*** Opening of Input data ***

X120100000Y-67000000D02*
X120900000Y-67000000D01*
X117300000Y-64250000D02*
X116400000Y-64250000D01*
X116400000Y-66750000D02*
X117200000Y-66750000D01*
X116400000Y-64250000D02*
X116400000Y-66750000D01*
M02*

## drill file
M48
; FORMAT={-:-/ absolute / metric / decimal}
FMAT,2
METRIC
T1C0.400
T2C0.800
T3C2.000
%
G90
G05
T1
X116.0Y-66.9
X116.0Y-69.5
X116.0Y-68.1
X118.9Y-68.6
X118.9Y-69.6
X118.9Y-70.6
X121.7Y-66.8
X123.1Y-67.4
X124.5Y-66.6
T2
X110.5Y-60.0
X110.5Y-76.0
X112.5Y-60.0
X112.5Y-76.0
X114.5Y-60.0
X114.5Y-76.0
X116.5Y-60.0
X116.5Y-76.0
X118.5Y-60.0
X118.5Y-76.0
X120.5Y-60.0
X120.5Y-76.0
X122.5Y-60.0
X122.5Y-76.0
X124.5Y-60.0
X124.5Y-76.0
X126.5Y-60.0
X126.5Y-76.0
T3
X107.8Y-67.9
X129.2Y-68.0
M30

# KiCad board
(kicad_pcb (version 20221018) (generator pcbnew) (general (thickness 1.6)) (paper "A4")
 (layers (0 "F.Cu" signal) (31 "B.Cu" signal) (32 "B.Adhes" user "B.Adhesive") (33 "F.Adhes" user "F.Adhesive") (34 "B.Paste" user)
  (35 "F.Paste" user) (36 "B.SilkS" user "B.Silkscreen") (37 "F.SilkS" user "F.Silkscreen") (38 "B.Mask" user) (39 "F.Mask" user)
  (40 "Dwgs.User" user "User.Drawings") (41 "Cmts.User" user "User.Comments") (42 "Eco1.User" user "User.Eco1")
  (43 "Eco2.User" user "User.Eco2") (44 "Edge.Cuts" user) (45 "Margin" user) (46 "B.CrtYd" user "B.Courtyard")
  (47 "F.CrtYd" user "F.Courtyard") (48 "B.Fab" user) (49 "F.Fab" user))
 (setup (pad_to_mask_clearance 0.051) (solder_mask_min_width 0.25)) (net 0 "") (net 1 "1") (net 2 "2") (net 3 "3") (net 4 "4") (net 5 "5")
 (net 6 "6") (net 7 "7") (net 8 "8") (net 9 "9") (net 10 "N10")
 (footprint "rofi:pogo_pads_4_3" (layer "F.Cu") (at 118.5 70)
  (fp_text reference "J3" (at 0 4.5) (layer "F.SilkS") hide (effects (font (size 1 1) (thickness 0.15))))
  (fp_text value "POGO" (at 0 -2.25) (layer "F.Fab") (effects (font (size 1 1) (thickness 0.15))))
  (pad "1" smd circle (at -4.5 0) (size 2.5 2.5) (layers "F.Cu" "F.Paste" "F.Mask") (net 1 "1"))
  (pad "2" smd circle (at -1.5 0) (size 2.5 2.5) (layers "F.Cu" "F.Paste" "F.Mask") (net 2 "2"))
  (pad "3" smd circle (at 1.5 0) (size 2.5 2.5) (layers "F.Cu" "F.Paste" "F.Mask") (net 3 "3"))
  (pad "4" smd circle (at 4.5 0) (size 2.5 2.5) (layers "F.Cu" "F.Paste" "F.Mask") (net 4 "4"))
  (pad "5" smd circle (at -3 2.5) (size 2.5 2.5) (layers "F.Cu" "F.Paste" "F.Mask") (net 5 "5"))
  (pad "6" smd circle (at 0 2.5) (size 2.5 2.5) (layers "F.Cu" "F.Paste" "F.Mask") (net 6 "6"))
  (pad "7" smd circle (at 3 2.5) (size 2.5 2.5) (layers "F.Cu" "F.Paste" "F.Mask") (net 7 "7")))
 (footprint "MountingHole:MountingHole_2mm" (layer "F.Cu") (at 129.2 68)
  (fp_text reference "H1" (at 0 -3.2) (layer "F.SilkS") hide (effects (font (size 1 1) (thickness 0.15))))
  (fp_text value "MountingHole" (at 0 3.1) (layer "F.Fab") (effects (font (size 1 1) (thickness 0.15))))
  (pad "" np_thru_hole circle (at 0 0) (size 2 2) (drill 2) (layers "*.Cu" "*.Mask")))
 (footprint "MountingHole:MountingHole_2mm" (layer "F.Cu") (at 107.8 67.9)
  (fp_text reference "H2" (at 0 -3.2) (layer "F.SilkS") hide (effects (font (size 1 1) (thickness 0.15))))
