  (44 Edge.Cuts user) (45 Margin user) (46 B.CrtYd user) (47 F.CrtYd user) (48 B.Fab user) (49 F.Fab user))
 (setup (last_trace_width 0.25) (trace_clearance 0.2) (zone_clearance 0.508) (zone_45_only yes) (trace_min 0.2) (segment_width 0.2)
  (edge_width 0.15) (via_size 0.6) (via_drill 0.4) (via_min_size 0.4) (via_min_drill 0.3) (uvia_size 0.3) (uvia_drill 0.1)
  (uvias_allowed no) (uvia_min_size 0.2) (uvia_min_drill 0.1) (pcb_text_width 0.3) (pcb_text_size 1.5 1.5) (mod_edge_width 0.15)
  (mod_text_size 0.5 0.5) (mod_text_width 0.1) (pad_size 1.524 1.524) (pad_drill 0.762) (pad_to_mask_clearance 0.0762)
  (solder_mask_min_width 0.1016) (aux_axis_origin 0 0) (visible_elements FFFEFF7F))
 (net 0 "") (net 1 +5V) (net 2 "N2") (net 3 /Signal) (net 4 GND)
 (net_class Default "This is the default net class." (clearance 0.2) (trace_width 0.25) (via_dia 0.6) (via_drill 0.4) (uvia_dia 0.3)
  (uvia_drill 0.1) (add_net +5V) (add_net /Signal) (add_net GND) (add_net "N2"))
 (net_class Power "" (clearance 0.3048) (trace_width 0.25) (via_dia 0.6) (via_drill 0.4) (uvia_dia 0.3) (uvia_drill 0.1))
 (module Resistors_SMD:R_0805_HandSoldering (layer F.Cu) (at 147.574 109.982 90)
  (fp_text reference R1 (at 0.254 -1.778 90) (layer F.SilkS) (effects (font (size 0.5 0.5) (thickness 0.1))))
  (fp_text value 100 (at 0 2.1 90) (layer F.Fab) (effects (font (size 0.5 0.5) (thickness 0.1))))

*** Close of Input data ***

| Goal of the exercise |
Which of the lines in the material carry the string "footprint"? Pull them out.

| Solution to the problem |
 (footprint "rofi:pogo_pads_4_3" (layer "F.Cu") (at 118.5 70)
 (footprint "MountingHole:MountingHole_2mm" (layer "F.Cu") (at 129.2 68)
 (footprint "MountingHole:MountingHole_2mm" (layer "F.Cu") (at 107.8 67.9)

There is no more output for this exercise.